Kuali incident

Platform/Build intermittent issues

Minor Resolved View vendor source →

Kuali experienced a minor incident on August 14, 2025 affecting United States (Oregon) and Canada (Montreal), lasting 1h 13m. The incident has been resolved; the full update timeline is below.

Started
Aug 14, 2025, 08:44 PM UTC
Resolved
Aug 14, 2025, 09:57 PM UTC
Duration
1h 13m
Detected by Pingoru
Aug 14, 2025, 08:44 PM UTC

Affected components

United States (Oregon)Canada (Montreal)

Update timeline

  1. investigating Aug 14, 2025, 08:44 PM UTC

    We are receiving reports of intermittent issues loading Kuali Build and Kuali Next-Gen products. Our engineers are currently investigating and we will keep you posted on our progress. We apologize for the inconvenience this may be causing.

  2. monitoring Aug 14, 2025, 09:02 PM UTC

    Kuali Build and Kuali Next-Gen products should now be loading and our engineers are continuing to monitor performance. We'll keep you posted as we have more information.

  3. resolved Aug 14, 2025, 09:57 PM UTC

    We wanted to provide an update on the recent errors in the Build/Platform system. These were caused by two separate issues that happened concurrently: 1. An outage with our third-party provider, Fly.io (more info can be found at https://status.flyio.net) 2. A database issue that reduced our system’s capacity We restarted our fly.io instances to restore operations and cycled our Mongo database clusters to alleviate the database issue. The system is now fully operational, and the database is stable.
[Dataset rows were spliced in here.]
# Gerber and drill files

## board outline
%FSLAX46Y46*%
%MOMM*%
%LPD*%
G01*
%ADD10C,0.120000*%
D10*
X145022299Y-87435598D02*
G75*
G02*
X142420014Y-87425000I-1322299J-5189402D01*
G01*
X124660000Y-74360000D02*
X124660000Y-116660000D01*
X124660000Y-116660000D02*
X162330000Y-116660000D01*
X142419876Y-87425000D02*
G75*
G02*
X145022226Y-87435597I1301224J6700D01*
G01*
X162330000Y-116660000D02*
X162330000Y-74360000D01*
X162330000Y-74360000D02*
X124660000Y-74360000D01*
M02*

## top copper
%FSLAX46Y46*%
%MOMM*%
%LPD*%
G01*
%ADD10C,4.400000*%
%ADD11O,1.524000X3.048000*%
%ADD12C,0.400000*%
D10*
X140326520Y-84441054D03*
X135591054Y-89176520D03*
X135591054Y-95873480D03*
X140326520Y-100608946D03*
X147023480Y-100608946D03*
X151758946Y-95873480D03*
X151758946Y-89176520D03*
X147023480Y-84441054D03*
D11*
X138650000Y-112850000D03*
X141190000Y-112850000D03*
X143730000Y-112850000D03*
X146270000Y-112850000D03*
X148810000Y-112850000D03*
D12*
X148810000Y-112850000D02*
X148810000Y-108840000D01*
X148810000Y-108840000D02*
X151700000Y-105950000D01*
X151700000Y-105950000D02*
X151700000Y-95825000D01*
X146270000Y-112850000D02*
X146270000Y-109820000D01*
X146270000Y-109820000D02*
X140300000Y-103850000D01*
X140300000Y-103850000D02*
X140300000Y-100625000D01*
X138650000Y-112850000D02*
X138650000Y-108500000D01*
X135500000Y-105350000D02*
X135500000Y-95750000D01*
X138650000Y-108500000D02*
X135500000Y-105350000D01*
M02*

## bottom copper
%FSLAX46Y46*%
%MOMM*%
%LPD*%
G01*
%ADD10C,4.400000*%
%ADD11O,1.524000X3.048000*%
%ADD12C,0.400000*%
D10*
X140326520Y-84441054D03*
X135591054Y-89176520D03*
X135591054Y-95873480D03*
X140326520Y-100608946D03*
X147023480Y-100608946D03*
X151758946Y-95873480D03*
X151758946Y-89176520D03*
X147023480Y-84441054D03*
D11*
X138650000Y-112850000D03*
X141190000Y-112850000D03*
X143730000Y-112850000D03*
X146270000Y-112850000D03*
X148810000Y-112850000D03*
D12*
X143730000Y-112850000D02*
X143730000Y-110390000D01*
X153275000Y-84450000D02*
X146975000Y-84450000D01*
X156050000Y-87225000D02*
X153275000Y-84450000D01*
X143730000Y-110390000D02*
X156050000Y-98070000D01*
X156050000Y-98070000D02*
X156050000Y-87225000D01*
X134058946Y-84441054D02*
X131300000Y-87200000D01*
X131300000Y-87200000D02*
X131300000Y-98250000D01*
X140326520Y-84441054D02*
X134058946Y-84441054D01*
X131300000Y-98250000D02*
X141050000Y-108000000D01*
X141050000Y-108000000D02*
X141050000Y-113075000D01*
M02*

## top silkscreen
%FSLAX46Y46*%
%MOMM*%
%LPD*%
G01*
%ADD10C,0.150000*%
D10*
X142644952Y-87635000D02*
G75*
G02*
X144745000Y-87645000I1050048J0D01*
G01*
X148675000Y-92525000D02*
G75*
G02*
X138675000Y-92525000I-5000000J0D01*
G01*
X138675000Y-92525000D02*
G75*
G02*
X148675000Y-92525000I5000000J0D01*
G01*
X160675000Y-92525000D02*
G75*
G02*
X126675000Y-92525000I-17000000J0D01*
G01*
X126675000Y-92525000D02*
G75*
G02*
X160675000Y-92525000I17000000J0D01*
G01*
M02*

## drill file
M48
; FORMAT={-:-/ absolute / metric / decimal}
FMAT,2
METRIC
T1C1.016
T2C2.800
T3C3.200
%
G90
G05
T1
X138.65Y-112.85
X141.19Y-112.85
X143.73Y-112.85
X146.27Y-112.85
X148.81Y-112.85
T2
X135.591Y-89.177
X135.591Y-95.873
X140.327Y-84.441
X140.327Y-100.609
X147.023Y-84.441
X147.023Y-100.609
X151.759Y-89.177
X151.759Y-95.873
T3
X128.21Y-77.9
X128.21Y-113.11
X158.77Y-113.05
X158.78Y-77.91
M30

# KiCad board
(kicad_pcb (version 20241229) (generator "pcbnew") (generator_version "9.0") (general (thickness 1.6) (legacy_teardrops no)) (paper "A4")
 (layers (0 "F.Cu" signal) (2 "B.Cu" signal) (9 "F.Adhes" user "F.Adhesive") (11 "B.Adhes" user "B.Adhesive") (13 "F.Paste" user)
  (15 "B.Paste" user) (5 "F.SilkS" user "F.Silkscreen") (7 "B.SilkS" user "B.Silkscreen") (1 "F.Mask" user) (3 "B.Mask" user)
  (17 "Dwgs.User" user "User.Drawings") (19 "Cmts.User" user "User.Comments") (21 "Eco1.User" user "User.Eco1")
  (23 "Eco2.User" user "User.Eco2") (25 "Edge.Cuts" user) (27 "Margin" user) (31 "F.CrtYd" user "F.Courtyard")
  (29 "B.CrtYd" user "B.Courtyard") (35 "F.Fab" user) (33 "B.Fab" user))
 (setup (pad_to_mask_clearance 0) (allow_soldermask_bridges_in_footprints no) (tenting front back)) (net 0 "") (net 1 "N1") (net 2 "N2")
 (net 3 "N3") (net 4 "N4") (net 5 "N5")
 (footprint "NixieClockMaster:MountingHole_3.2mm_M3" (layer "F.Cu") (at 128.21 77.9)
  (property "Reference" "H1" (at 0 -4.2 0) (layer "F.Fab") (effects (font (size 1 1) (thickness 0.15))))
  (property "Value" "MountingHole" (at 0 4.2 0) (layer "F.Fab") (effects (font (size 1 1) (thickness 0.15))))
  (pad "" np_thru_hole circle (at 0 0) (size 3.2 3.2) (drill 3.2) (layers "*.Cu" "*.Mask")))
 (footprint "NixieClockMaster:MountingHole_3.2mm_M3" (layer "F.Cu") (at 128.21 113.11)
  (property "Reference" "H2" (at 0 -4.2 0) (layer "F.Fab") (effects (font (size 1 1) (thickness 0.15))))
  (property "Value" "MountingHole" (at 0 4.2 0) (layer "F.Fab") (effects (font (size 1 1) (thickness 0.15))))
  (pad "" np_thru_hole circle (at 0 0) (size 3.2 3.2) (drill 3.2) (layers "*.Cu" "*.Mask")))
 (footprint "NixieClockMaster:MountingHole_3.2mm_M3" (layer "F.Cu") (at 158.78 77.91)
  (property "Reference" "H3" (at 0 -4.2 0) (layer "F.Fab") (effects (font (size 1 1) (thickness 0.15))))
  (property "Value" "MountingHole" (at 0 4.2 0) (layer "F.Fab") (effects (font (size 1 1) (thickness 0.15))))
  (pad "" np_thru_hole circle (at 0 0) (size 3.2 3.2) (drill 3.2) (layers "*.Cu" "*.Mask")))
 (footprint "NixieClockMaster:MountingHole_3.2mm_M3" (layer "F.Cu") (at 158.77 113.05)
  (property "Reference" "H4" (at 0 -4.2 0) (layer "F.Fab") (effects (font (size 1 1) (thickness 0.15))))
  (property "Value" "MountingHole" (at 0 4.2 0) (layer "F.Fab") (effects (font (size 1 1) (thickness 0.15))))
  (pad "" np_thru_hole circle (at 0 0) (size 3.2 3.2) (drill 3.2) (layers "*.Cu" "*.Mask")))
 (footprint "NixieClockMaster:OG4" (layer "F.Cu") (at 143.675 92.525)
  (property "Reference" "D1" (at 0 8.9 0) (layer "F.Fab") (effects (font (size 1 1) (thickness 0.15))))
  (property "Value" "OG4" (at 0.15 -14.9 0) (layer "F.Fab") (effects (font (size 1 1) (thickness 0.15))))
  (fp_arc (start -1.030048 -4.89) (mid 0.025 -5.940036) (end 1.07 -4.88) (stroke (width 0.15) (type solid)) (layer "F.SilkS"))
  (fp_circle (center 0 0) (end 5 0) (stroke (width 0.15) (type solid)) (fill no) (layer "F.SilkS"))
  (fp_circle (center 0 0) (end 17 0) (stroke (width 0.15) (type solid)) (fill no) (layer "F.SilkS"))
  (pad "1" thru_hole circle (at -3.34848 -8.083946) (size 4.4 4.4) (drill 2.8) (layers "*.Cu" "*.Mask") (remove_unused_layers no)
   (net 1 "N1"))
  (pad "2" thru_hole circle (at -8.083946 -3.34848) (size 4.4 4.4) (drill 2.8) (layers "*.Cu" "*.Mask") (remove_unused_layers no))
  (pad "3" thru_hole circle (at -8.083946 3.34848) (size 4.4 4.4) (drill 2.8) (layers "*.Cu" "*.Mask") (remove_unused_layers no)
   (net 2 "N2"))
  (pad "4" thru_hole circle (at -3.34848 8.083946) (size 4.4 4.4) (drill 2.8) (layers "*.Cu" "*.Mask") (remove_unused_layers no)
   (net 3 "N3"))
  (pad "5" thru_hole circle (at 3.34848 8.083946) (size 4.4 4.4) (drill 2.8) (layers "*.Cu" "*.Mask") (remove_unused_layers no))
  (pad "6" thru_hole circle (at 8.083946 3.34848) (size 4.4 4.4) (drill 2.8) (layers "*.Cu" "*.Mask") (remove_unused_layers no) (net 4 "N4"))
  (pad "7" thru_hole circle (at 8.083946 -3.34848) (size 4.4 4.4) (drill 2.8) (layers "*.Cu" "*.Mask") (remove_unused_layers no))
  (pad "8" thru_hole circle (at 3.34848 -8.083946) (size 4.4 4.4) (drill 2.8) (layers "*.Cu" "*.Mask") (remove_unused_layers no)
   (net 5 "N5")))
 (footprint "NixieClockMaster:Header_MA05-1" (layer "B.Cu") (at 145 112.85)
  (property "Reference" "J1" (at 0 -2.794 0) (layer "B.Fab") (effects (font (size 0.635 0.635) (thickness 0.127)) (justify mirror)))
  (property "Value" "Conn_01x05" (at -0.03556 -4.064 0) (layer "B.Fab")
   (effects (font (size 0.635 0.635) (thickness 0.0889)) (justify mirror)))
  (pad "1" thru_hole oval (at -6.35 0 180) (size 1.524 3.048) (drill 1.016) (layers "*.Cu" "*.Mask") (remove_unused_layers no) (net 2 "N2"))
  (pad "2" thru_hole oval (at -3.81 0 180) (size 1.524 3.048) (drill 1.016) (layers "*.Cu" "*.Mask") (remove_unused_layers no) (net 1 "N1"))
  (pad "3" thru_hole oval (at -1.27 0 180) (size 1.524 3.048) (drill 1.016) (layers "*.Cu" "*.Mask") (remove_unused_layers no) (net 5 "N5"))
  (pad "4" thru_hole oval (at 1.27 0 180) (size 1.524 3.048) (drill 1.016) (layers "*.Cu" "*.Mask") (remove_unused_layers no) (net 3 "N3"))
  (pad "5" thru_hole oval (at 3.81 0 180) (size 1.524 3.048) (drill 1.016) (layers "*.Cu" "*.Mask") (remove_unused_layers no) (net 4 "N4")))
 (gr_arc (start 145.022299 87.435598) (mid 143.67819 97.980174) (end 142.420014 87.425) (stroke (width 0.12) (type solid))
  (layer "Edge.Cuts"))
 (gr_line (start 124.66 74.36) (end 124.66 116.66) (stroke (width 0.12) (type solid)) (layer "Edge.Cuts"))
 (gr_line (start 124.66 116.66) (end 162.33 116.66) (stroke (width 0.12) (type solid)) (layer "Edge.Cuts"))
 (gr_arc (start 142.419876 87.425) (mid 143.726435 86.117072) (end 145.022299 87.435598) (stroke (width 0.12) (type solid))
  (layer "Edge.Cuts"))
 (gr_line (start 162.33 116.66) (end 162.33 74.36) (stroke (width 0.12) (type solid)) (layer "Edge.Cuts"))
 (gr_line (start 162.33 74.36) (end 124.66 74.36) (stroke (width 0.12) (type solid)) (layer "Edge.Cuts"))
 (segment (start 143.73 112.85) (end 143.73 110.39) (width 0.4) (layer "B.Cu") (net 5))
 (segment (start 153.275 84.45) (end 146.975 84.45) (width 0.4) (layer "B.Cu") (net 5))
 (segment (start 156.05 87.225) (end 153.275 84.45) (width 0.4) (layer "B.Cu") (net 5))
 (segment (start 143.73 110.39) (end 156.05 98.07) (width 0.4) (layer "B.Cu") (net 5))
 (segment (start 156.05 98.07) (end 156.05 87.225) (width 0.4) (layer "B.Cu") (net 5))
 (segment (start 148.81 112.85) (end 148.81 108.84) (width 0.4) (layer "F.Cu") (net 4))
 (segment (start 148.81 108.84) (end 151.7 105.95) (width 0.4) (layer "F.Cu") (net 4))
 (segment (start 151.7 105.95) (end 151.7 95.825) (width 0.4) (layer "F.Cu") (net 4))
 (segment (start 146.27 112.85) (end 146.27 109.82) (width 0.4) (layer "F.Cu") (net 3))
 (segment (start 146.27 109.82) (end 140.3 103.85) (width 0.4) (layer "F.Cu") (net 3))
 (segment (start 140.3 103.85) (end 140.3 100.625) (width 0.4) (layer "F.Cu") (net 3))
 (segment (start 138.65 112.85) (end 138.65 108.5) (width 0.4) (layer "F.Cu") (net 2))
 (segment (start 135.5 105.35) (end 135.5 95.75) (width 0.4) (layer "F.Cu") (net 2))
 (segment (start 138.65 108.5) (end 135.5 105.35) (width 0.4) (layer "F.Cu") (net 2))
 (segment (start 134.058946 84.441054) (end 131.3 87.2) (width 0.4) (layer "B.Cu") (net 1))
 (segment (start 131.3 87.2) (end 131.3 98.25) (width 0.4) (layer "B.Cu") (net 1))
 (segment (start 140.32652 84.441054) (end 134.058946 84.441054) (width 0.4) (layer "B.Cu") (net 1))
 (segment (start 131.3 98.25) (end 141.05 108) (width 0.4) (layer "B.Cu") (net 1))
 (segment (start 141.05 108) (end 141.05 113.075) (width 0.4) (layer "B.Cu") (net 1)))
We’re continuing to work with our providers to fully understand what led to the outages and are continue to monitor performance closely to ensure everything runs smoothly. We apologize for the inconvenience and we appreciate your patience while we resolved these issues.

  4. postmortem Aug 14, 2025, 09:57 PM UTC

    We discovered long running queries in our codebase that was causing our database to get into a bad state. We’ve improved the query performance by adding additional indexes so results are returned much more efficiently. We’ve also streamlined our process when adding new queries to maintain performance in the future. Lastly, we’re also looking into long term infrastructure improvements that can better distribute performance spikes. We apologize for the inconvenience and we appreciate your patience while we resolved these issues.